July 3, 2022

📚 Taleb the prophet, writing about cryptobros and the summer of 2022 back in the early 2000s.

Financial instruments come and go but human stupidity and greed are forever.

July 1, 2022

Give a lecture once and you help a few hundred people (if you’re lucky). Post the lecture to YouTube and you help millions. 7 years later, I am yet to find a better guide to academic writing.

NB: it’s good to have a live audience.

June 30, 2022

📚 Re-reading Taleb’s Fooled by Randomness for the first time since covid hit. From the preface, on intellectual immodesty. There is a direct line from this to the catastrophic early response to the pandemic.

BTW, our company is called Cartesian but we are Montaignes at heart.

June 29, 2022

“Whether hot or cold water freezes faster remains unknown.”

Thus begins a wonderful Quanta Magazine article about the “Mpemba effect”, named after a Tanzanian teenager who saw something funny happen to his home-made ice cream. Reality is complicated.

June 28, 2022

“A lot of people simply won’t read a 15-page whitepaper, but will be impressed by flowcharts.
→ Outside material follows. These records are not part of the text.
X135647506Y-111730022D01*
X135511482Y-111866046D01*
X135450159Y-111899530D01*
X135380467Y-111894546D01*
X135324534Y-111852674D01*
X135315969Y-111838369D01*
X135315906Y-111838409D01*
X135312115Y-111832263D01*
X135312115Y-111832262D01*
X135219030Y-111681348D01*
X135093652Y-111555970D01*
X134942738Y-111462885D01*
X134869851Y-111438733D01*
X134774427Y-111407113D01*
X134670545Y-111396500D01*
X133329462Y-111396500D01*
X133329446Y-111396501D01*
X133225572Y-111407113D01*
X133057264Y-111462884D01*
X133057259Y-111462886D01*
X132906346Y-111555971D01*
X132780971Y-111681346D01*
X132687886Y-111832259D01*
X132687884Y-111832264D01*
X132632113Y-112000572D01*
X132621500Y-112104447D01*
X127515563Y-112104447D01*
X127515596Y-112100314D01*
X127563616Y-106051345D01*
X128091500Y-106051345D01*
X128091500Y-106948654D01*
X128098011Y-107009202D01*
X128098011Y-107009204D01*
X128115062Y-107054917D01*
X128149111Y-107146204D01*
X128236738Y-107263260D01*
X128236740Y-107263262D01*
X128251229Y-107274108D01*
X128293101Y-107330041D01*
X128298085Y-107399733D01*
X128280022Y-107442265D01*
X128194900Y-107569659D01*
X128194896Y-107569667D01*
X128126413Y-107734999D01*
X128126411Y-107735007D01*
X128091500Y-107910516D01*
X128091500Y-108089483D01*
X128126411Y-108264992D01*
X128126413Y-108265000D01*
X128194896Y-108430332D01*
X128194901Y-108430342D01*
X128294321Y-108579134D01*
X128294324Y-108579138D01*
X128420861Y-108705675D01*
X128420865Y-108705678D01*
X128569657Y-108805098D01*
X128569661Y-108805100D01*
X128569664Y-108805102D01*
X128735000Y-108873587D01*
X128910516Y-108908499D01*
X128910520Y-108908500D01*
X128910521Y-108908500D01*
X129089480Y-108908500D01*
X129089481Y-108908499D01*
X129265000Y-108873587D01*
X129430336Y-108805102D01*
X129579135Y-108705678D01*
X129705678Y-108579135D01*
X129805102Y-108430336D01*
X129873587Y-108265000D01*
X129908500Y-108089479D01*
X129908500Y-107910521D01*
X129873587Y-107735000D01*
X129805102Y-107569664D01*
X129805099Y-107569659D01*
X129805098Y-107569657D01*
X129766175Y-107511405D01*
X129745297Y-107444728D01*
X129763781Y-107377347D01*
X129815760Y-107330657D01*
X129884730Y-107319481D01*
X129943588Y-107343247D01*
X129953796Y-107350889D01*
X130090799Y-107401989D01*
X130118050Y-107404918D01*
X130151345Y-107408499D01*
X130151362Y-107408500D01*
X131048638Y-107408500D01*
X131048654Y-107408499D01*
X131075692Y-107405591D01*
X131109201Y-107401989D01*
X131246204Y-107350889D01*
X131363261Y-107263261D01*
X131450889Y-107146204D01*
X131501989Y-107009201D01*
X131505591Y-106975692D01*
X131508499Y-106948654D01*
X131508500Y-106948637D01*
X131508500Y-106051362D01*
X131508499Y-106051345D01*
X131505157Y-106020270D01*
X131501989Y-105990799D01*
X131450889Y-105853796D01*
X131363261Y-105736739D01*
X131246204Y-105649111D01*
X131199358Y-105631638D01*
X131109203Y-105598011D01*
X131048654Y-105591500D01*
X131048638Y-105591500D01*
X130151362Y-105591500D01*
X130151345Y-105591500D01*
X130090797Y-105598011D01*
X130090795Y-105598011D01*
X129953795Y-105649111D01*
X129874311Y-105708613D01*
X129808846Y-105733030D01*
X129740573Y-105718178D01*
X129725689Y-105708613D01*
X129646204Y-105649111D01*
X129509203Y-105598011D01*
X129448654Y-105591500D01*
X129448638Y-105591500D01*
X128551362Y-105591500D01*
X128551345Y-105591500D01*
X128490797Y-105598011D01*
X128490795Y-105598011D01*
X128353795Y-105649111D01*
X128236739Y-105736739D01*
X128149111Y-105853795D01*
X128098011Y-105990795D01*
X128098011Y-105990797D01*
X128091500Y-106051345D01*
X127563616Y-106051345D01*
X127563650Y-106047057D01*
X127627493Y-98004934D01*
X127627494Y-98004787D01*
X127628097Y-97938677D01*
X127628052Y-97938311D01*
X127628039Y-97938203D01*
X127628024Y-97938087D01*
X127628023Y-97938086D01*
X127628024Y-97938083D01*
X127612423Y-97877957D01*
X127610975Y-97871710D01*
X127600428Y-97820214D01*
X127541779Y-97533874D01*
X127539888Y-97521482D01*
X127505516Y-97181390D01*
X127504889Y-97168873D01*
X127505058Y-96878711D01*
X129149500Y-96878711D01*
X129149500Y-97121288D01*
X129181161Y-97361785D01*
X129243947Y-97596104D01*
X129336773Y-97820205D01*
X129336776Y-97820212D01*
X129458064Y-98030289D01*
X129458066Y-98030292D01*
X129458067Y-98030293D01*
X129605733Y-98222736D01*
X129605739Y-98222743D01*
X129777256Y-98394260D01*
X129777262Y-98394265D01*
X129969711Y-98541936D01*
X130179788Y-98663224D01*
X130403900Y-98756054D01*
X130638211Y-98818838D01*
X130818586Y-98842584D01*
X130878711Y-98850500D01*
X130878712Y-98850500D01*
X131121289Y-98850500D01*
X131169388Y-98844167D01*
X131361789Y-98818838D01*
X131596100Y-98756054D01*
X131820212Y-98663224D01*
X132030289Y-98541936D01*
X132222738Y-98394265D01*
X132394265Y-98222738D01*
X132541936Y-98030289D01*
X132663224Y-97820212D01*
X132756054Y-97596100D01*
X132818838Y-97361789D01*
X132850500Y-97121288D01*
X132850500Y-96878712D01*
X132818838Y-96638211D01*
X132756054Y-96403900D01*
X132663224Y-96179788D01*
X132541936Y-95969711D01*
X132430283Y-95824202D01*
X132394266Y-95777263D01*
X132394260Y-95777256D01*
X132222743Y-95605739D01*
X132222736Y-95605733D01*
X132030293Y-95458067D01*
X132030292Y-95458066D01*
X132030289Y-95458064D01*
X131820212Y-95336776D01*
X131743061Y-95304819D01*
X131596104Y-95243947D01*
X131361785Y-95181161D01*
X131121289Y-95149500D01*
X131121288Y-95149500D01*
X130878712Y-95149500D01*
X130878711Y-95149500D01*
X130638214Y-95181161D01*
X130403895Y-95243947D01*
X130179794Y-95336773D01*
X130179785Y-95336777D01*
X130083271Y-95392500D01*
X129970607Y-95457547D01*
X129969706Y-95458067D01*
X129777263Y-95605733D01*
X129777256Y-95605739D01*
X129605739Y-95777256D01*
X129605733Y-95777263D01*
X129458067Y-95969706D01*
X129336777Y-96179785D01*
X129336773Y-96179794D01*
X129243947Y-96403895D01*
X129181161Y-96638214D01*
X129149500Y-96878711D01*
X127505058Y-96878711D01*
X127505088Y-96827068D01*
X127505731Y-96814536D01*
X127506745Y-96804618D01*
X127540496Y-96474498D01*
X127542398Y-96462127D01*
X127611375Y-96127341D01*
By making the language of Web3 meandering and impenetrable and by building a culture that is very self-referential, investors make criticism harder to come by.”

Today’s Galaxy Brain newsletter is about Web3, but replace “whitepaper” with “manuscript” and “investors” with “researchers” and you get bad science in a nutshell.

June 26, 2022

“If you are trying to figure out a thinker and his or her defects, see if you can spot that person’s “once-and-for-all” moves. There will be plenty of them.”
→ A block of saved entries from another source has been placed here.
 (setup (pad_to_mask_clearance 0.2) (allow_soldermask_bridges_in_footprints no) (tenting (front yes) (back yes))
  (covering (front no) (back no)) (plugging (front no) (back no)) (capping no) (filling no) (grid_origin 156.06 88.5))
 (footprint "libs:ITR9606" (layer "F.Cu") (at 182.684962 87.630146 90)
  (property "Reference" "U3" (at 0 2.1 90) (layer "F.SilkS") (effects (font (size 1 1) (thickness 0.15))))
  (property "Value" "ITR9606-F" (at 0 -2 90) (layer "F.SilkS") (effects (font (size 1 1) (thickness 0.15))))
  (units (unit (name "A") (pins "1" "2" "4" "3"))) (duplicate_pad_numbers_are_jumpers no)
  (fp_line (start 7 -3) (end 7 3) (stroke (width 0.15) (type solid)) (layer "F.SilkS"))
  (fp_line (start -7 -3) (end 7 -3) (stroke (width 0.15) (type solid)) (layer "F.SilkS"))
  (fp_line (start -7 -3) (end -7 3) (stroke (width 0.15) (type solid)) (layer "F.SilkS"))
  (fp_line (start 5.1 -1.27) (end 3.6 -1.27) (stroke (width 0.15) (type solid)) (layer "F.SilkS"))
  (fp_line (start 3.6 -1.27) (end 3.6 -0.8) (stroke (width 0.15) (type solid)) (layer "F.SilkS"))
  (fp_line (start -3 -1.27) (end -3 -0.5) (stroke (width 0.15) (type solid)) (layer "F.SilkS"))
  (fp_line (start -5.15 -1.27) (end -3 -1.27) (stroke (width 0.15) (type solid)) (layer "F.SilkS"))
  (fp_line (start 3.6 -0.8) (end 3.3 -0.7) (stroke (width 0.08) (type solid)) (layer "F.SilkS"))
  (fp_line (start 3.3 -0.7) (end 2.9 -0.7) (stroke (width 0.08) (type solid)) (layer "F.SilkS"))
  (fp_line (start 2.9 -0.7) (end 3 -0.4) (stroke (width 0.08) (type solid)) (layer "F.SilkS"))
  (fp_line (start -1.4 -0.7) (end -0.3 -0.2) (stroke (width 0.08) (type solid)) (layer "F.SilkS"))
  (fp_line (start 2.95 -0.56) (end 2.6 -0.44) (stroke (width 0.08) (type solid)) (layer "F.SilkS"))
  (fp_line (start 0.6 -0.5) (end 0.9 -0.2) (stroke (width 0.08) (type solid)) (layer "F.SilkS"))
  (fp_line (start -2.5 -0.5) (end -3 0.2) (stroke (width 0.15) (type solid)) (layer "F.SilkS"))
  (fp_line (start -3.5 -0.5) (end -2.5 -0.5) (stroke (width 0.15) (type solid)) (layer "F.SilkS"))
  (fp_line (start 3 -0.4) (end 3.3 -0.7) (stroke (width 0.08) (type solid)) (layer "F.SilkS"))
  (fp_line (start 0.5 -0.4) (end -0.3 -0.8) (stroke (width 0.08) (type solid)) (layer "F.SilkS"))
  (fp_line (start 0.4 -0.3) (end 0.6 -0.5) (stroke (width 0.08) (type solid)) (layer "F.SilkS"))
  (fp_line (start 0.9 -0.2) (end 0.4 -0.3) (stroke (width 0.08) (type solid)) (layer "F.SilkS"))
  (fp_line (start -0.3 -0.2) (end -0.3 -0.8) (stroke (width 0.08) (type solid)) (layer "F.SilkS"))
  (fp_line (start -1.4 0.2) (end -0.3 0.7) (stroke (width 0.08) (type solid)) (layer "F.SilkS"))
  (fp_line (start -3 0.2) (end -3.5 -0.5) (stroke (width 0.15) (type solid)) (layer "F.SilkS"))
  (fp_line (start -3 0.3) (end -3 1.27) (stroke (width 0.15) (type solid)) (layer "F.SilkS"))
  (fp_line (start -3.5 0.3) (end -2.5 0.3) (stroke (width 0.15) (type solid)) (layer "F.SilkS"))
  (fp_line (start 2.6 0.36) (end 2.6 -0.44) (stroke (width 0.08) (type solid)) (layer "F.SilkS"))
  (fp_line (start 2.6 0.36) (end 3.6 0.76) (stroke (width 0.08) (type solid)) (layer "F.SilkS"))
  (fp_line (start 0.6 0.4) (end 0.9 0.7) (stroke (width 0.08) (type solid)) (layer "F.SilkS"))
Cowen is right, though we can debate whether early closure is a defect or a feature.

June 25, 2022

Notes from Asheville

A town that has more art deco than brutalism — the largest piece of concrete in sight was a modestly sized skate park — is my kind of town. It is at once frozen in time (picture unsupervised tweens riding bicycles and scooters down a quiet tree-lined street) and progressive (in the American sense of having more crystal shops than chain stores and more rainbows than stars’n’stripes posted on storefronts). The same cannot be said about another picture-perfect town, Frederick, which is distinctly unlike its home state of Maryland. Note, however, that only one of these two states had segregation of some kind in this century. It is also, for someone who has spent the last 12 years in the Baltimore-DC area, noticeably white, but note more so than would be expected from any place in North Carolina.[^one]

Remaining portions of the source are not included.